La sensazione, a otto mesi di distanza del “fenomeno Gezi”, è che la massa di persone decisa ad opporsi alla linea dura e ai meccanismi di corruzione di un governo sempre più in empasse sia aumentata. Forse non il milione di persone annunciate ad Istanbul nei manifesti di indizione, ma comunque decine e decine di migliaia.. manifesti che tra l’altro, in sintonia con le piazze di altri paesi, richiamano all’ immaginario della maschera di G. Fawkes, ed alla V cerchiata simbolo della Vendetta. “E’ ora di tornare in strada e restarci”,recitano alcuni dei manifesti, e l’indicazione pare essere stata ben recepita dalle piazze. Di fronte a una Taksim pesantemente militarizzata, i manifestanti stanno ingaggiando da ore uno scontro a tutto campo

(pagina in aggiornamento)

 

sabato 28 Dicembre:

h 16 locali: al momento sarebbero una settantina le persone arrestate nel Paese a seguito degli scontri di ieri; l’ordine degli avvocati punta ancora una volta il dito contro l’operato della polizia.

Un lungo fine settimana caldo attende Istanbul, Ankara e e le altre città in mobilitazione contro Erdogan e la corruzione governativa. Un fiume in piena di centinaia di migliaia di persone si è riversato nelle strade senza mai piegarsi alla forza della polizia, rispondendo per oltre dieci ore con barricate e autodifendendo le iniziative di protesta.

Se nei piani alti la situazione continua a rimanere tesa, con un braccio di ferro oramai sotto gli occhi di tutti tra il principale partito al Governo, AKP, e il Consiglio della Magistratura, nel primo pomeriggio di sabato è da registrare la protesta dei giornalisti accreditati di numerosi media che,come in passato, hanno deciso di incrociare le braccia contro la censura preventiva.

h 00:30 locali circa: passata la mezzanotte le strade del centro di Istanbul sono ancora gremite di manifestanti che si riaffacciano sul Viale Istiklal a dispetto dell’uso spropositato di gas lacrimogeni ; la polizia in assetto antisommossa ha rimosso alcune barricate, che puntualmente sono state erette in fretta e furia dai manifestanti decine di metri addietro. Giunge la notizia di alcuni avvocati, da tempo in prima fila nelle lotte contro l’autoritarismo del Governo, arrestati del tutto arbitrariamente. Cariche della polizia e lancio di lacrimogeni fin dentro edifici, ristoranti e locali notturni, che rievocano i momenti più concitati dell’ Estate trascorsa.

Anche a Izmir, città operaia vivacissima nell’ultimo mese di lotta, in migliaia decidono di resistere in strada sfidando i Toma. Scontri ed almeno quattro arresti lungo via Kizilay ad Ankara.

h 21 locali circa: si conterebbero decine di arrestati nella sola Istanbul. Alle cariche della polizia con lacrimogeni, idranti e proiettili di gomma, corrispondono sassaiole contro i Toma, barricate infuocate, fitti cordoni per proteggere le persone anziane e più deboli. Il tutto mentre il premier Erdogan, dopo essere stato atteso all’aeroporto Ataturk di Istanbul da migliaia di suoi tenaci sostenitori, tiene un lungo comizio. 

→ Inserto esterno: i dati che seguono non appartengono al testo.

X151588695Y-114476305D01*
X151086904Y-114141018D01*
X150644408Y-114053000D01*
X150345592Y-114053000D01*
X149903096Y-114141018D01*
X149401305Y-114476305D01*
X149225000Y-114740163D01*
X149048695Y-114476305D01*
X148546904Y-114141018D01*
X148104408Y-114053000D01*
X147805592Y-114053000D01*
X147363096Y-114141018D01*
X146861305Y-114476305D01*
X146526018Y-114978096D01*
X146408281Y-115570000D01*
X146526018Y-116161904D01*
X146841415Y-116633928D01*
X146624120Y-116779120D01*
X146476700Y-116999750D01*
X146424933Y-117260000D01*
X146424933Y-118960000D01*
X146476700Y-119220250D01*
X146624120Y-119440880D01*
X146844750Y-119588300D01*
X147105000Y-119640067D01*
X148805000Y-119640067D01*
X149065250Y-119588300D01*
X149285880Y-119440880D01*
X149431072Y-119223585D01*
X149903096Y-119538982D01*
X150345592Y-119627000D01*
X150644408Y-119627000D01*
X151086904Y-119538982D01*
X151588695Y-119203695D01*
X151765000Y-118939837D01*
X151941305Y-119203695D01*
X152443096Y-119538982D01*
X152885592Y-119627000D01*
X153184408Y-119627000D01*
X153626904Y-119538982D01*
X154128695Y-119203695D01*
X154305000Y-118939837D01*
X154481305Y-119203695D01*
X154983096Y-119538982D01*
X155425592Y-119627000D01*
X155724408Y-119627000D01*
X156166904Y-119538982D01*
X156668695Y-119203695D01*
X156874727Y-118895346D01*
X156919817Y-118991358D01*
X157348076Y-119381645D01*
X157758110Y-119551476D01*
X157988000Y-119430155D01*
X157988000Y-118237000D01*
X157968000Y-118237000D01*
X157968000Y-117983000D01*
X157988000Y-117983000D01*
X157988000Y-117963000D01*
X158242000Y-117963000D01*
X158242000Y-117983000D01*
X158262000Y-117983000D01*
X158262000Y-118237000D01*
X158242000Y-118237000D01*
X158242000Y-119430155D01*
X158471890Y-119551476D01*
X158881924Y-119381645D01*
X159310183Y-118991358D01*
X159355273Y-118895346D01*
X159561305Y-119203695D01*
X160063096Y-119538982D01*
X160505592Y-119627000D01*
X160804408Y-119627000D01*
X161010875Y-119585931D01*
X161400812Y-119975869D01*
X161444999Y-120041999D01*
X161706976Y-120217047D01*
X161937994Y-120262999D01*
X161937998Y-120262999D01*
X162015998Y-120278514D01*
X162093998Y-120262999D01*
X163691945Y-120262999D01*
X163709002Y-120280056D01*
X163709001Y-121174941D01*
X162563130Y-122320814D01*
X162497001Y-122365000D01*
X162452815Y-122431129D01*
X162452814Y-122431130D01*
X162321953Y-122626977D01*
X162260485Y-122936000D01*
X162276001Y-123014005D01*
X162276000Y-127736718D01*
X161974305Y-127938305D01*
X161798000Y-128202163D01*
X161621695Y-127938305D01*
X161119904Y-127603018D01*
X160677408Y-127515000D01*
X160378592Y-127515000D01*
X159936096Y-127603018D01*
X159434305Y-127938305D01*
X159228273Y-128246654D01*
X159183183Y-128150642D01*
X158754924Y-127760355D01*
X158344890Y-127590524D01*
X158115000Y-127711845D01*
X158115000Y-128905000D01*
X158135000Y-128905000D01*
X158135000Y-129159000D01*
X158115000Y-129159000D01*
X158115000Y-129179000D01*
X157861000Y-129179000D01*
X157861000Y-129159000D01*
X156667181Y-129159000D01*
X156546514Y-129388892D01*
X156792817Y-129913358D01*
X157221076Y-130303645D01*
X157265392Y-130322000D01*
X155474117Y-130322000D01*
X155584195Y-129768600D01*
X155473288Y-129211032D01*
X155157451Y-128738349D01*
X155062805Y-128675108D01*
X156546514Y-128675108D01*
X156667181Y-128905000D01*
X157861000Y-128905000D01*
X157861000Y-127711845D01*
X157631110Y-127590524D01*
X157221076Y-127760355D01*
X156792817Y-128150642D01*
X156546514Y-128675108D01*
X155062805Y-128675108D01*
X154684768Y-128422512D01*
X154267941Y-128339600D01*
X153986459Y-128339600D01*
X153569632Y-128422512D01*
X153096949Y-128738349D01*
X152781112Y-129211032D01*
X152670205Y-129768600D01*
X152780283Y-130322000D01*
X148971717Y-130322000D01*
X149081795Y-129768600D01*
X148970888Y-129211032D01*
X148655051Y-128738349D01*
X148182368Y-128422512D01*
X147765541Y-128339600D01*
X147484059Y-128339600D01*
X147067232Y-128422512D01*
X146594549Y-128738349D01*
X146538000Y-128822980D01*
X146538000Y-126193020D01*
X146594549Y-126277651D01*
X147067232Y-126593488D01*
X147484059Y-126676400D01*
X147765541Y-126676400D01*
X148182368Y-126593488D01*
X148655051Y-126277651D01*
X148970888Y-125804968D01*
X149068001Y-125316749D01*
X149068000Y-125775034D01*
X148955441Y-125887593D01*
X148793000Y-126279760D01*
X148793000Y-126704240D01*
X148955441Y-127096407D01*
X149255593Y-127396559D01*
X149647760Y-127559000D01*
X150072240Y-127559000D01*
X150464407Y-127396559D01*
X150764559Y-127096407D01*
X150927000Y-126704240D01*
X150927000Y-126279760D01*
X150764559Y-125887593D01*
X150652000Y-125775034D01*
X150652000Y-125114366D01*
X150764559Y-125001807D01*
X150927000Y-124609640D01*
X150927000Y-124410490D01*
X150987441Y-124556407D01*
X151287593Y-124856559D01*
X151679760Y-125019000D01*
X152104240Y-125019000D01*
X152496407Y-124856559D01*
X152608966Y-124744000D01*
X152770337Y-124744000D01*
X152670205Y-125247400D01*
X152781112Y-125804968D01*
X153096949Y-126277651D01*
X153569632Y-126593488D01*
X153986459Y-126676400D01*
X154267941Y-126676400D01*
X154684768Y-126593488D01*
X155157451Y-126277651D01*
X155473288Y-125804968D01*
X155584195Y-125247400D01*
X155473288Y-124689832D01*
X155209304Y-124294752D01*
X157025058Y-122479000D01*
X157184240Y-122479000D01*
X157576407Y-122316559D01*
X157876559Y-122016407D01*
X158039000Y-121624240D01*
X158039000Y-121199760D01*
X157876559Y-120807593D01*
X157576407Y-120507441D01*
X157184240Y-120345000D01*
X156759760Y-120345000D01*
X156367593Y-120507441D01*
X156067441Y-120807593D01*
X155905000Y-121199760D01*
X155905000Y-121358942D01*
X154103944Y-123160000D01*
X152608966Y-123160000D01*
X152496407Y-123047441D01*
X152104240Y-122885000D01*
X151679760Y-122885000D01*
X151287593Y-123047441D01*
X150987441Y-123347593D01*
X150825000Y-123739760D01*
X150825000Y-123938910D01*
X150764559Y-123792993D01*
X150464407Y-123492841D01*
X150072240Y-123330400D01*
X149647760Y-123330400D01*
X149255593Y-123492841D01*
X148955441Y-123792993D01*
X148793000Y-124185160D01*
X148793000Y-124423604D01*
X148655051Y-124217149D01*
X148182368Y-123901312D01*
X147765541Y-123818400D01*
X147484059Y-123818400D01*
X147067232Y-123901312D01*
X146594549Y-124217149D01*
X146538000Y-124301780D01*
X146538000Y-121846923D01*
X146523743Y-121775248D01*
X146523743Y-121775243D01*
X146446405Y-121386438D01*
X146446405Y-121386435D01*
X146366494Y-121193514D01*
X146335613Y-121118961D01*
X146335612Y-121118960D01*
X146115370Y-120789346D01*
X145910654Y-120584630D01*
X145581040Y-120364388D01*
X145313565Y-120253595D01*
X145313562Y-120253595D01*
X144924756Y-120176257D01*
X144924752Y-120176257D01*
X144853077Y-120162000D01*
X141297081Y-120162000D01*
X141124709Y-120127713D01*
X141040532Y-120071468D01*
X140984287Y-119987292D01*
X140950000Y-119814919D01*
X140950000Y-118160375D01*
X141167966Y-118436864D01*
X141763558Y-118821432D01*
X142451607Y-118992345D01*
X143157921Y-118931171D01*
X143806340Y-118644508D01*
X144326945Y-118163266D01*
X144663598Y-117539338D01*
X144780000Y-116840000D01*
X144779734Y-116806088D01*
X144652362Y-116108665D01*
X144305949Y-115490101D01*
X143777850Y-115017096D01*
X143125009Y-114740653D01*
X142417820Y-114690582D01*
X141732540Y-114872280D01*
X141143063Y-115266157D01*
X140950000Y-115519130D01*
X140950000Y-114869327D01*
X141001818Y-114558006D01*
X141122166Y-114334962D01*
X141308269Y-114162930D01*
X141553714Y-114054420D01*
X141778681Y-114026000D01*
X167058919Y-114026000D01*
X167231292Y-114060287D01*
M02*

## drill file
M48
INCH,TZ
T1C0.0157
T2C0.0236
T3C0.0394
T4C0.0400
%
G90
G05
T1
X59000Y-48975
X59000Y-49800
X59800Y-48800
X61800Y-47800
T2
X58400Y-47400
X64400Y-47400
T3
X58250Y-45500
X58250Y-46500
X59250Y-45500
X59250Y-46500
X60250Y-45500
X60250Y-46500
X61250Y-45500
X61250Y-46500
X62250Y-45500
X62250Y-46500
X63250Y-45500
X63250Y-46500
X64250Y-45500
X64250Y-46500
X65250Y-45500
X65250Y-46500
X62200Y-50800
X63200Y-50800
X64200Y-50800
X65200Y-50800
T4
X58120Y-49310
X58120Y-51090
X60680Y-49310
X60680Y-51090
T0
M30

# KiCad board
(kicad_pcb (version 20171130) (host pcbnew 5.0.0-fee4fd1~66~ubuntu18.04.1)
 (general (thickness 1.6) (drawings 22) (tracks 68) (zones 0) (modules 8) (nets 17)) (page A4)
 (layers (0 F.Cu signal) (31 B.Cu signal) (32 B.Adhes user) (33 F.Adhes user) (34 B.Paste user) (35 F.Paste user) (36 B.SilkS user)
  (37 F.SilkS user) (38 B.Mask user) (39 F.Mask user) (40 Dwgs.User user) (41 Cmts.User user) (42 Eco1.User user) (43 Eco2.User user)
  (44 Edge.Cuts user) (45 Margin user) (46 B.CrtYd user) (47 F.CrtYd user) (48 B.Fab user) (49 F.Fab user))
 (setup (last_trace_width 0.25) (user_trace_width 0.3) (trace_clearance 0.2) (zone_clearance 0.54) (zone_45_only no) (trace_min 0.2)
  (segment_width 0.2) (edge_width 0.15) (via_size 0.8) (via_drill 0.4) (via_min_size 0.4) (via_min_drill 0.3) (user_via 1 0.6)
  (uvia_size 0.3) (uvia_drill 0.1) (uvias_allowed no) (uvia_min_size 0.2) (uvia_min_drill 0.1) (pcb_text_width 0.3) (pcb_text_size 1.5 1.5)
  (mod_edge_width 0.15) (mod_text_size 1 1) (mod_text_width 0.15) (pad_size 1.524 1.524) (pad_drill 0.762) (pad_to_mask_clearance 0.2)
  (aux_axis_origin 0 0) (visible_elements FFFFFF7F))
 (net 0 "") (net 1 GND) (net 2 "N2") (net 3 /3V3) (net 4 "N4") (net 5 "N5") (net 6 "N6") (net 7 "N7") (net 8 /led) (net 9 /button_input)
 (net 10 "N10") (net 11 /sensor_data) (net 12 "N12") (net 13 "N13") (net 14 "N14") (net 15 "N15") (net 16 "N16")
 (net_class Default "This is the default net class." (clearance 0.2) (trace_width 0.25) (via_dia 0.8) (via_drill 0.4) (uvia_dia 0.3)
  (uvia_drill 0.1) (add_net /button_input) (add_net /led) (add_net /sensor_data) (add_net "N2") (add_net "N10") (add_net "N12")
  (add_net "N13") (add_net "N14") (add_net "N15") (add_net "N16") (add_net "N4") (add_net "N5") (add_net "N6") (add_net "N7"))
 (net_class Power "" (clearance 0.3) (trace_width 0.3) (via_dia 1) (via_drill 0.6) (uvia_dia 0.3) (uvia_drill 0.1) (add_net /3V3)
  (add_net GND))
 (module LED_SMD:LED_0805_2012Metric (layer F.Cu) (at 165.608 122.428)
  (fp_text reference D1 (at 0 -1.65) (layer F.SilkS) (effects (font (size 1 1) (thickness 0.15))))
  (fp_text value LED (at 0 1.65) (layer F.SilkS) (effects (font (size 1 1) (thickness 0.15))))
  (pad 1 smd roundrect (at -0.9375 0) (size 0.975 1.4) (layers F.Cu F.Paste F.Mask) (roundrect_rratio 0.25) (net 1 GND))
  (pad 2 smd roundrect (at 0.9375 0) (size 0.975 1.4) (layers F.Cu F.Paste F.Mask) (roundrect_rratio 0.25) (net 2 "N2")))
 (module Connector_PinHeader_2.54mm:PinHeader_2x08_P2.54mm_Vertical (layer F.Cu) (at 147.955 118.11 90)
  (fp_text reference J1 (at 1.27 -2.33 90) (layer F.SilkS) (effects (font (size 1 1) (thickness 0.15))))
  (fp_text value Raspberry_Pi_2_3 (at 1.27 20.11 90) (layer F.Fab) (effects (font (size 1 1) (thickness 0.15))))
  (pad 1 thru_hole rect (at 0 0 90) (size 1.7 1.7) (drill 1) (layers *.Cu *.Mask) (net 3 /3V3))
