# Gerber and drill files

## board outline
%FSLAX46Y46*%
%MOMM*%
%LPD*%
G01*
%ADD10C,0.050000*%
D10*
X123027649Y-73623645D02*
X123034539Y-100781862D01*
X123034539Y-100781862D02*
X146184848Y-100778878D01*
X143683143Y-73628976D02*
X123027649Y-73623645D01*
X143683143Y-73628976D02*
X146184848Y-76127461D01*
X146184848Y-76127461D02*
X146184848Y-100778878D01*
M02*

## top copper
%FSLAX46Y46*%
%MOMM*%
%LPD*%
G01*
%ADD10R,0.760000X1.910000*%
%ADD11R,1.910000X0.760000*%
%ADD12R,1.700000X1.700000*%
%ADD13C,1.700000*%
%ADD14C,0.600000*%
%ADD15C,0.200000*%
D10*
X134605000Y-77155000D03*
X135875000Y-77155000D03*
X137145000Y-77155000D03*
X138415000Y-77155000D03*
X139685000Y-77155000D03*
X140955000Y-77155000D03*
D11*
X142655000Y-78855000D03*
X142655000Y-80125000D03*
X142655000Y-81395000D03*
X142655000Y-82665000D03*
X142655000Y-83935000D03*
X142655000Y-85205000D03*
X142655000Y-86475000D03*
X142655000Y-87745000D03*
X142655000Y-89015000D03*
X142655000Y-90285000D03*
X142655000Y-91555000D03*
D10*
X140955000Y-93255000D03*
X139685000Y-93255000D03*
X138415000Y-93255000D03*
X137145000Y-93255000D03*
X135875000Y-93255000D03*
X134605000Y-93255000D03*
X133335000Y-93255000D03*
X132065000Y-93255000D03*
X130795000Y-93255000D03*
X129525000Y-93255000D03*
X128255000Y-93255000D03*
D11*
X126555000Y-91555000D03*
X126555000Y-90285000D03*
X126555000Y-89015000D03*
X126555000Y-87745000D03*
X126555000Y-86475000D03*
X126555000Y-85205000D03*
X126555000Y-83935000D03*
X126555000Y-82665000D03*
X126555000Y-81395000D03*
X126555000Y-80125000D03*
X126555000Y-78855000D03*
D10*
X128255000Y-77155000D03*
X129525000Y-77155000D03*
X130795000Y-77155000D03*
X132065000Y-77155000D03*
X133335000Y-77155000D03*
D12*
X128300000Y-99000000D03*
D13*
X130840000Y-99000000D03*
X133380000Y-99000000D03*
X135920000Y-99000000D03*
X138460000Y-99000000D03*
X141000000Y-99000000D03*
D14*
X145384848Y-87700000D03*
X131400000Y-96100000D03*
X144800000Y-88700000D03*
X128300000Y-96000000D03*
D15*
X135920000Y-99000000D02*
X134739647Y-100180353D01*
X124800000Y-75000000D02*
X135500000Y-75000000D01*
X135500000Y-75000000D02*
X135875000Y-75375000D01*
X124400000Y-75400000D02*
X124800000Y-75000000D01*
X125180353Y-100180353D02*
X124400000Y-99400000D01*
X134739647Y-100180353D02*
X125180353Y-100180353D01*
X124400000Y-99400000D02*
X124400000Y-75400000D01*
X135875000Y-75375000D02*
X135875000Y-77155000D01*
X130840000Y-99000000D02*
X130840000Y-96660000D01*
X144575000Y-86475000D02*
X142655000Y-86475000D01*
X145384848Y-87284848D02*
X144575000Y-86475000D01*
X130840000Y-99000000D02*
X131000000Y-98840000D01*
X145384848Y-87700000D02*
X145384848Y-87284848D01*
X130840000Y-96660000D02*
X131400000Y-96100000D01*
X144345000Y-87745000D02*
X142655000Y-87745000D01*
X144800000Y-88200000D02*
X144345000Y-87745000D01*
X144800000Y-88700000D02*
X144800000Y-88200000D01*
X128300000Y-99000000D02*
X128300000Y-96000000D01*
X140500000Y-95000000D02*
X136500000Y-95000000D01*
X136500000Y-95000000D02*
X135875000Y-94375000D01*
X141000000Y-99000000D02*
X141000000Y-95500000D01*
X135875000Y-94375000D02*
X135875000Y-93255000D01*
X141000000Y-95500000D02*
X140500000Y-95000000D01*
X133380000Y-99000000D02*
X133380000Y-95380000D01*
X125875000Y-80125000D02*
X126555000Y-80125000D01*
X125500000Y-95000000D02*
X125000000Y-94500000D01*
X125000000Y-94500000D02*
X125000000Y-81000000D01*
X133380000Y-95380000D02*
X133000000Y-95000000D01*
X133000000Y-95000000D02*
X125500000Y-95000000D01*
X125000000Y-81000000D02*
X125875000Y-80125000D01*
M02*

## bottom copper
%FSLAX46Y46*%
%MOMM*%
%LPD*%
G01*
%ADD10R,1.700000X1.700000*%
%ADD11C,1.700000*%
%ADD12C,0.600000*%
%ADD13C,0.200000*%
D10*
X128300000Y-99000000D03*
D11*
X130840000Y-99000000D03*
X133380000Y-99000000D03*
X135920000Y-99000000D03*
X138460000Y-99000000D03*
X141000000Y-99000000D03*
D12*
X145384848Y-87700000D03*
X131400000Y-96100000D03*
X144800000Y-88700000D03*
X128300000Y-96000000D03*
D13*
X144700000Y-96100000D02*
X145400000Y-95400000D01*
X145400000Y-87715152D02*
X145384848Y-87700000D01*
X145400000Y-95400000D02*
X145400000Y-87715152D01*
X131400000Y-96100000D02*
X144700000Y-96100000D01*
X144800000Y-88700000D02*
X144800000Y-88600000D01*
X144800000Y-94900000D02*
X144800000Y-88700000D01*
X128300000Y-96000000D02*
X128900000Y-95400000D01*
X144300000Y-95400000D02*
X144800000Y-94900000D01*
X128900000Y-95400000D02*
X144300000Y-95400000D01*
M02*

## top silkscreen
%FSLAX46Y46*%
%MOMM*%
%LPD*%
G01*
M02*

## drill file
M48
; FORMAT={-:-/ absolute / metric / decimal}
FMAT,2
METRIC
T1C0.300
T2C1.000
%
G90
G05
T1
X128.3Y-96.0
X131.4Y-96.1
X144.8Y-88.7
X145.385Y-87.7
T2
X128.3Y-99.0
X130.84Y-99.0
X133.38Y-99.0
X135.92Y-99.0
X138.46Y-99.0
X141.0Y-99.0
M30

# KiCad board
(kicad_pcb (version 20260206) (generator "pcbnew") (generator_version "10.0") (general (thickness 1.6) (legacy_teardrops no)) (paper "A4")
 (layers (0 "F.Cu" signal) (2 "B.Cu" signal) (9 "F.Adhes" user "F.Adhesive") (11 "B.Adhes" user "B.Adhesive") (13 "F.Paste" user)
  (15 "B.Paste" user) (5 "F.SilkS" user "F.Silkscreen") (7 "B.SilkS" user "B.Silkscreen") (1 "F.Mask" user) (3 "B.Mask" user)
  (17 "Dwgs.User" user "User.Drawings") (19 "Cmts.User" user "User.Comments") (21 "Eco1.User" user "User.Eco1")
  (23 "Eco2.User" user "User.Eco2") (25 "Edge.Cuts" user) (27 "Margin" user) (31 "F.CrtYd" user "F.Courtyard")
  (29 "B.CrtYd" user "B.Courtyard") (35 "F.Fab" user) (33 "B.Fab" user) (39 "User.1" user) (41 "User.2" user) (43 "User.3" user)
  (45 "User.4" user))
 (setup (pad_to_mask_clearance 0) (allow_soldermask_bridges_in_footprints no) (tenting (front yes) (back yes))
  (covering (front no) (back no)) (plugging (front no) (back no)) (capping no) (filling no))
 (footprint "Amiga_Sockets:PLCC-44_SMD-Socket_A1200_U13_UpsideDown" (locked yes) (layer "F.Cu") (at 134.605 85.205)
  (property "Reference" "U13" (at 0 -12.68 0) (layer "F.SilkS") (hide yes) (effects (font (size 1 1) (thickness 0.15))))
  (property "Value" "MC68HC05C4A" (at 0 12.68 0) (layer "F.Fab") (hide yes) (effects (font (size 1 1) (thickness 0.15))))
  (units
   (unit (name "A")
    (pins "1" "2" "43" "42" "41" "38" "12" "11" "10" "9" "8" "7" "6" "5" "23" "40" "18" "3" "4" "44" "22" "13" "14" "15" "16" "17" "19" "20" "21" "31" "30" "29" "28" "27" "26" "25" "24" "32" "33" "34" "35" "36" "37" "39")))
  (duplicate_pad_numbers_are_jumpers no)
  (pad "1" smd rect (at 0 -8.05) (size 0.76 1.91) (layers "F.Cu" "F.Mask" "F.Paste") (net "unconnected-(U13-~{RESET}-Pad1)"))
  (pad "2" smd rect (at 1.27 -8.05) (size 0.76 1.91) (layers "F.Cu" "F.Mask" "F.Paste") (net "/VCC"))
  (pad "3" smd rect (at 2.54 -8.05) (size 0.76 1.91) (layers "F.Cu" "F.Mask" "F.Paste") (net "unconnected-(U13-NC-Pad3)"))
  (pad "4" smd rect (at 3.81 -8.05) (size 0.76 1.91) (layers "F.Cu" "F.Mask" "F.Paste") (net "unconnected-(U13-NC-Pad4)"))
  (pad "5" smd rect (at 5.08 -8.05) (size 0.76 1.91) (layers "F.Cu" "F.Mask" "F.Paste") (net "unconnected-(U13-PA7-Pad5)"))
  (pad "6" smd rect (at 6.35 -8.05) (size 0.76 1.91) (layers "F.Cu" "F.Mask" "F.Paste") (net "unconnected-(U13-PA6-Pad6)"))
  (pad "7" smd rect (at 8.05 -6.35) (size 1.91 0.76) (layers "F.Cu" "F.Mask" "F.Paste") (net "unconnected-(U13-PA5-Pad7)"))
  (pad "8" smd rect (at 8.05 -5.08) (size 1.91 0.76) (layers "F.Cu" "F.Mask" "F.Paste") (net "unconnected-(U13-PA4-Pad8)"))
  (pad "9" smd rect (at 8.05 -3.81) (size 1.91 0.76) (layers "F.Cu" "F.Mask" "F.Paste") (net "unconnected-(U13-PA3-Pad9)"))
  (pad "10" smd rect (at 8.05 -2.54) (size 1.91 0.76) (layers "F.Cu" "F.Mask" "F.Paste") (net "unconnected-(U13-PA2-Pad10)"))
  (pad "11" smd rect (at 8.05 -1.27) (size 1.91 0.76) (layers "F.Cu" "F.Mask" "F.Paste") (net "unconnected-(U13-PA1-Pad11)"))
  (pad "12" smd rect (at 8.05 0) (size 1.91 0.76) (layers "F.Cu" "F.Mask" "F.Paste") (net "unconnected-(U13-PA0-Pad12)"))
  (pad "13" smd rect (at 8.05 1.27) (size 1.91 0.76) (layers "F.Cu" "F.Mask" "F.Paste") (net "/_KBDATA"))
  (pad "14" smd rect (at 8.05 2.54) (size 1.91 0.76) (layers "F.Cu" "F.Mask" "F.Paste") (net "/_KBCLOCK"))
  (pad "15" smd rect (at 8.05 3.81) (size 1.91 0.76) (layers "F.Cu" "F.Mask" "F.Paste") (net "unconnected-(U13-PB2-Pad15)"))
  (pad "16" smd rect (at 8.05 5.08) (size 1.91 0.76) (layers "F.Cu" "F.Mask" "F.Paste") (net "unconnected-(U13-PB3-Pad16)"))
  (pad "17" smd rect (at 8.05 6.35) (size 1.91 0.76) (layers "F.Cu" "F.Mask" "F.Paste") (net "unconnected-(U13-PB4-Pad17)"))
  (pad "18" smd rect (at 6.35 8.05) (size 0.76 1.91) (layers "F.Cu" "F.Mask" "F.Paste") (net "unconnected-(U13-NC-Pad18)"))
  (pad "19" smd rect (at 5.08 8.05) (size 0.76 1.91) (layers "F.Cu" "F.Mask" "F.Paste") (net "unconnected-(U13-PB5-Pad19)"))
  (pad "20" smd rect (at 3.81 8.05) (size 0.76 1.91) (layers "F.Cu" "F.Mask" "F.Paste") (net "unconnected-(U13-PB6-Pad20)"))
  (pad "21" smd rect (at 2.54 8.05) (size 0.76 1.91) (layers "F.Cu" "F.Mask" "F.Paste") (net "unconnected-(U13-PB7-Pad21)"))
  (pad "22" smd rect (at 1.27 8.05) (size 0.76 1.91) (layers "F.Cu" "F.Mask" "F.Paste") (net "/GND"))
  (pad "23" smd rect (at 0 8.05) (size 0.76 1.91) (layers "F.Cu" "F.Mask" "F.Paste") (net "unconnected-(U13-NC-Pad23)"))
  (pad "24" smd rect (at -1.27 8.05) (size 0.76 1.91) (layers "F.Cu" "F.Mask" "F.Paste") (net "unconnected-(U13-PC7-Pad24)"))
  (pad "25" smd rect (at -2.54 8.05) (size 0.76 1.91) (layers "F.Cu" "F.Mask" "F.Paste") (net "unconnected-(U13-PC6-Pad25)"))
  (pad "26" smd rect (at -3.81 8.05) (size 0.76 1.91) (layers "F.Cu" "F.Mask" "F.Paste") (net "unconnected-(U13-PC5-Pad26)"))
  (pad "27" smd rect (at -5.08 8.05) (size 0.76 1.91) (layers "F.Cu" "F.Mask" "F.Paste") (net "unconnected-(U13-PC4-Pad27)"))
  (pad "28" smd rect (at -6.35 8.05) (size 0.76 1.91) (layers "F.Cu" "F.Mask" "F.Paste") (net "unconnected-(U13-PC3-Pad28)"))
  (pad "29" smd rect (at -8.05 6.35) (size 1.91 0.76) (layers "F.Cu" "F.Mask" "F.Paste") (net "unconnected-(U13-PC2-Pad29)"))
  (pad "30" smd rect (at -8.05 5.08) (size 1.91 0.76) (layers "F.Cu" "F.Mask" "F.Paste") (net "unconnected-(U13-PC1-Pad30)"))
  (pad "31" smd rect (at -8.05 3.81) (size 1.91 0.76) (layers "F.Cu" "F.Mask" "F.Paste") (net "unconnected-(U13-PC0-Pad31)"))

Erdogan ha puntato il dito contro l’operato della magistratura e la forza decisionale che questa si garantirebbe scavalcando la volontà popolare e le gerarchie governative e poliziali.

Ti è piaciuto questo articolo? Infoaut è un network indipendente che si basa sul lavoro volontario e militante di molte persone. Puoi darci una mano diffondendo i nostri articoli, approfondimenti e reportage ad un pubblico il più vasto possibile e supportarci iscrivendoti al nostro canale telegram, o seguendo le nostre pagine social di facebook, instagram e youtube.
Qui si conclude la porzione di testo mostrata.